How does mandatory and voluntary carbon trading work?

In:
Agri/Soft Commodities
Counsel at A&O Shearman
Director, Assistant General Counsel at Bank Of America (BoA)
Niamh Dennehy-Maher of Allen & Overy and Robert Lang-Anderson of Bank of America examine each market, explain how carbon trading schemes are set up and what the allowances and credits issued under mandatory and voluntary programmes represent.

Mandatory carbon markets, also known as compliance carbon markets, exist as a result of individual national or supranational commitments under global climate agreements such as the 1997 Kyoto Protocol or the 2015 Paris Agreement.  They are created by statute or similar formal mechanism and operate under a legal framework. They often function as ‘cap and trade’ schemes known as emissions trading systems (ETSs).  There are many examples of mandatory carbon markets, including:

  • the EU Emissions Trading System (EU ETS), the world’s first international emissions trading system and still the biggest. It was established in 2005 following the Kyoto Protocol which set, for the first time, legally binding emissions reduction targets for 37 industrialised countries and the European Union;
  • the UK Emissions Trading Scheme (UK ETS), which was established in January 2021 to replace the EU ETS in the UK following Brexit. The UK ETS closely models the structure of the EU ETS; and
  • mandatory schemes across the world including in China, Japan, Mexico, South Africa, South Korea and (at a state level) the US.  As of today, there are about 29 mandatory emissions trading schemes in force worldwide.

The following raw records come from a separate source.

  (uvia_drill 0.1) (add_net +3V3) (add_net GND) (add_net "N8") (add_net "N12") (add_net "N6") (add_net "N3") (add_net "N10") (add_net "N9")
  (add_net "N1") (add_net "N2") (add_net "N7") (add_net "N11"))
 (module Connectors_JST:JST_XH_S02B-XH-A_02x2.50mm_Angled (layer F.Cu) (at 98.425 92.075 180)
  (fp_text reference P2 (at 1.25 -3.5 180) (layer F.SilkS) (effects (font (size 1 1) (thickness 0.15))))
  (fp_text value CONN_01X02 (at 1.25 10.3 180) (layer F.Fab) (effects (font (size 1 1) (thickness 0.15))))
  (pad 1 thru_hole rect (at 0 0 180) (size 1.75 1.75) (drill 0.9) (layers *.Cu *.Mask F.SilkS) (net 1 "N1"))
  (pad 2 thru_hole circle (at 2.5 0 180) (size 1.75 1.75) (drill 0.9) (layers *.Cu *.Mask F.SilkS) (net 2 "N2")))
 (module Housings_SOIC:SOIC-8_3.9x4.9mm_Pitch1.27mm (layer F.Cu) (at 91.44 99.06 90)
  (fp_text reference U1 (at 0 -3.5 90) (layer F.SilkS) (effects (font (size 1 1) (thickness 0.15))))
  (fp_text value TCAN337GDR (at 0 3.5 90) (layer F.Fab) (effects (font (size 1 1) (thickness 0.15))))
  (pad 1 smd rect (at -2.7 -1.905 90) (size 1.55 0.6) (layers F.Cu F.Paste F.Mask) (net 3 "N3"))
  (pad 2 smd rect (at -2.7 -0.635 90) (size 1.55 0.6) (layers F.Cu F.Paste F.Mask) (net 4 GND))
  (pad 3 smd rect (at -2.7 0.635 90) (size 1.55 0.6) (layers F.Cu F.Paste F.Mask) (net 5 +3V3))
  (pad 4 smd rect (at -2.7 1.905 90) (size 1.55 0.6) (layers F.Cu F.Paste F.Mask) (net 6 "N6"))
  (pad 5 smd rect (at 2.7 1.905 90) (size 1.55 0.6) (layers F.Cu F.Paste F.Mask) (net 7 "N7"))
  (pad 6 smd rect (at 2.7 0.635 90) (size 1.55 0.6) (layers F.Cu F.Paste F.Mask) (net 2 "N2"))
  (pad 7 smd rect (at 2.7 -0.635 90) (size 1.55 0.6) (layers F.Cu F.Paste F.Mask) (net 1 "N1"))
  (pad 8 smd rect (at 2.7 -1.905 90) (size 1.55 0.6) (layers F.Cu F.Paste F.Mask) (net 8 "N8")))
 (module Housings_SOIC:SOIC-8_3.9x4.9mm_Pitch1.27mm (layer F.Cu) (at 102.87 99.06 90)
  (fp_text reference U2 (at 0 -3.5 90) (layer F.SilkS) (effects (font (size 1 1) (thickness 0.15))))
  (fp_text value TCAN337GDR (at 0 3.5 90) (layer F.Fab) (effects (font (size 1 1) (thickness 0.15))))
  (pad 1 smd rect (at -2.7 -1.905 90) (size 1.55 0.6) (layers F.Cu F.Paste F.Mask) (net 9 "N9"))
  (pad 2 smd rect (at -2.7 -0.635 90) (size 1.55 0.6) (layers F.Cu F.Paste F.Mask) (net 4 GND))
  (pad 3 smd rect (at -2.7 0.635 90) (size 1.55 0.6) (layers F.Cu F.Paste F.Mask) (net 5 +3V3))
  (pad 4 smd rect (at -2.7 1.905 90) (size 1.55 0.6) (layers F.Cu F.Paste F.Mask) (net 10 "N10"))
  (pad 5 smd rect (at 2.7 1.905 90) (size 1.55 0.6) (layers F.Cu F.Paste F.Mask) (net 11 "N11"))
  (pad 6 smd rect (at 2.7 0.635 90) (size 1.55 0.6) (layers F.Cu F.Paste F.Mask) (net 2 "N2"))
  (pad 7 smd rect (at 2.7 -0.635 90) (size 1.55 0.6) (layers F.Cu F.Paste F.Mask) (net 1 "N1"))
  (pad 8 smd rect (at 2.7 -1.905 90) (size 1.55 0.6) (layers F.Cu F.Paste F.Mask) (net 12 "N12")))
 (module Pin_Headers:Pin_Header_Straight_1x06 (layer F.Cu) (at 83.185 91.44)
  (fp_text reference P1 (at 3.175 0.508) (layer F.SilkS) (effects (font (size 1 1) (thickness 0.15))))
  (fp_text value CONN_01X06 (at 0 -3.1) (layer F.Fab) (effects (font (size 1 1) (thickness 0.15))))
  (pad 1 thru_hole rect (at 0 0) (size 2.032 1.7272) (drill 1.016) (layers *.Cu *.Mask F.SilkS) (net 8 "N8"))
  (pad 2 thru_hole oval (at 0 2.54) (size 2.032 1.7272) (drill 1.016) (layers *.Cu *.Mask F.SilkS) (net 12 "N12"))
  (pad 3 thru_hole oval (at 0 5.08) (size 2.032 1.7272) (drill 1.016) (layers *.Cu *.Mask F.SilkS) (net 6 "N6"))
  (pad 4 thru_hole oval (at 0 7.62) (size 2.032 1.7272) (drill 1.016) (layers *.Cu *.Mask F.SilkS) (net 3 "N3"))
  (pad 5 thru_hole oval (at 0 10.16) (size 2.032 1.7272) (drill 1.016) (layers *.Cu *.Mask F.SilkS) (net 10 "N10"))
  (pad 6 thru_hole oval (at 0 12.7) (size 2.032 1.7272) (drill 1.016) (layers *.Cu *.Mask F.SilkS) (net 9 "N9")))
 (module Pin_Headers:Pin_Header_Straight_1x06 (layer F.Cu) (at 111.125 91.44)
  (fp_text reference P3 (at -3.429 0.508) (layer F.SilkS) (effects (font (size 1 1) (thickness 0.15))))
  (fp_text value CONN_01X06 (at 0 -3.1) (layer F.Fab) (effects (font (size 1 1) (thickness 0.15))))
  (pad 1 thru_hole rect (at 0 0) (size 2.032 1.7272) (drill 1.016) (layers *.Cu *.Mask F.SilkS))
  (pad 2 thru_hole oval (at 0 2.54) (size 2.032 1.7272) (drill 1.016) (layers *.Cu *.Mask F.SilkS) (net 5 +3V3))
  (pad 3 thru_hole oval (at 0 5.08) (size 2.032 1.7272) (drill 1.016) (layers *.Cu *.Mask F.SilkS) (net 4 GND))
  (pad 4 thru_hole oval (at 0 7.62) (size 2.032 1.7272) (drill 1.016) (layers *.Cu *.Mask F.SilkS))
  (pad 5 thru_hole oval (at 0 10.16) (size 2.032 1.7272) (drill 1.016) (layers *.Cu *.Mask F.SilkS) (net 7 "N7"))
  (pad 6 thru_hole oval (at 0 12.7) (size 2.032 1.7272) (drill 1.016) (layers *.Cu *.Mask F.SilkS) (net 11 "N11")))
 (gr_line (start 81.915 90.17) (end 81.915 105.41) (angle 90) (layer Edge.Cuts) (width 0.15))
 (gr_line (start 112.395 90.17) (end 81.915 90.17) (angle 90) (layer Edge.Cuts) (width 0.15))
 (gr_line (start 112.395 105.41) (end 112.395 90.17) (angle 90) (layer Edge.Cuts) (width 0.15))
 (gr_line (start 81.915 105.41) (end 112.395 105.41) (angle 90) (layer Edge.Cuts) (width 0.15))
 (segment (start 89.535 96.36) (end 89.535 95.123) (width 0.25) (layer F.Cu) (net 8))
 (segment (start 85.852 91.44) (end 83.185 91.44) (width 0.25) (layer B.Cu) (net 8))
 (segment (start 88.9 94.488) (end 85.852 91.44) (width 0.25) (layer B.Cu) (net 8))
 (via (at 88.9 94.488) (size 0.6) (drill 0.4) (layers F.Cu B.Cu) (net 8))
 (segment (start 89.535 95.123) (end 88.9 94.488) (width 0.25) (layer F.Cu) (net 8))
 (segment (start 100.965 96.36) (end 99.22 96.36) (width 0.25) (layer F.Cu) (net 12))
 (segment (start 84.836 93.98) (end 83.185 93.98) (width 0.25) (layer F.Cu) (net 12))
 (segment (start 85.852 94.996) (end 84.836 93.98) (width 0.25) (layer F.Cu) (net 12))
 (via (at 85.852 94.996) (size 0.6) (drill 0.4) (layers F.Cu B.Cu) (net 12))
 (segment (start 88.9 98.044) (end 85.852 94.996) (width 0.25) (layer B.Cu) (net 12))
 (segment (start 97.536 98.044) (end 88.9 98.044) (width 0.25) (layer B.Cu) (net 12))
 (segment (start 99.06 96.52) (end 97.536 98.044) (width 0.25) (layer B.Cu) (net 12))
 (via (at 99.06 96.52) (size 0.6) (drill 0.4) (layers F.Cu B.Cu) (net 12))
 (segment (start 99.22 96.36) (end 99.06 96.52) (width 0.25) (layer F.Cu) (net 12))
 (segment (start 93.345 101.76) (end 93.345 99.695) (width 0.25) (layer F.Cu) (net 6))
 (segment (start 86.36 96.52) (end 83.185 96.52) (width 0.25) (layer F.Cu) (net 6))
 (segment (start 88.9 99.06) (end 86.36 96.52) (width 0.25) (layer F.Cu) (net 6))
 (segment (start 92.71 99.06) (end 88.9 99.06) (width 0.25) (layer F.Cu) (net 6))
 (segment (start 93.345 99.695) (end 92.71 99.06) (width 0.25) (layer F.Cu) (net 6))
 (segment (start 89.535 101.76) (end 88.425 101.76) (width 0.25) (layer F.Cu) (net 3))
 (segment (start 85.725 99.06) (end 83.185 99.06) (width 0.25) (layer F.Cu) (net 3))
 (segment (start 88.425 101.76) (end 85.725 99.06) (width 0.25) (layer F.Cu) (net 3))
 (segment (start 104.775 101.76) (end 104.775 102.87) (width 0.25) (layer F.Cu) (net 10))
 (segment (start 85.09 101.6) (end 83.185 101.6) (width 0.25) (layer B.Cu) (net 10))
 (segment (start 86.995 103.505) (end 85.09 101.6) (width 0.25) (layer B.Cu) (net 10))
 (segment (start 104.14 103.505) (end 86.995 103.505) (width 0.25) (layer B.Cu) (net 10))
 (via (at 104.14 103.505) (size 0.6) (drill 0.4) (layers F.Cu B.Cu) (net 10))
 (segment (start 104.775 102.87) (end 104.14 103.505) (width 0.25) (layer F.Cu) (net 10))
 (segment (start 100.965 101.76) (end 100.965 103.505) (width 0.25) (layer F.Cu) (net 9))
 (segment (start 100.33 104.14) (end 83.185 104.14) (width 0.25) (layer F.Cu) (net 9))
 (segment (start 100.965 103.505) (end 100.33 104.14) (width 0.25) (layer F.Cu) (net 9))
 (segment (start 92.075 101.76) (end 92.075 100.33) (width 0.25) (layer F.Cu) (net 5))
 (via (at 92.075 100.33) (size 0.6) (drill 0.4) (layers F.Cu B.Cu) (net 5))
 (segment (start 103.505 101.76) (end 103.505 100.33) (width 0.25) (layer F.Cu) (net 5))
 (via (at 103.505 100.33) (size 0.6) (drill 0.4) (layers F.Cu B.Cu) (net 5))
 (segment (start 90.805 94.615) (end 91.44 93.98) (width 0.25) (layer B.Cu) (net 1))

In this article, we will focus on the UK ETS as an example of how a compliance carbon market works, who can participate in that market and what it is intended to achieve. 

UK ETS

Mandatory carbon markets are a key tool used by governments and regulators to combat global warming and reduce greenhouse gas emissions.  The UK ETS is an example of a ‘cap and trade’ scheme that imposes compliance obligations on operators in specific energy intensive industries, the power generation sector and aviation, placing a cap on the total amount of greenhouse gas emissions that can be emitted by those sectors in a given year.  The cap is reduced each year, thus ensuring that the total emissions produced gradually fall.  Emitting firms must obtain and surrender an allowance for each tonne of carbon dioxide equivalent that they emit. A UK Emissions Trading Scheme Allowance (a UKA) represents the right (allowance) to emit one tonne of carbon dioxide equivalent. A certain number of UKAs are allocated to participants in the sector each calendar year for free and they can buy further UKAs either at auction or on the secondary market, and/or trade them in the derivatives market.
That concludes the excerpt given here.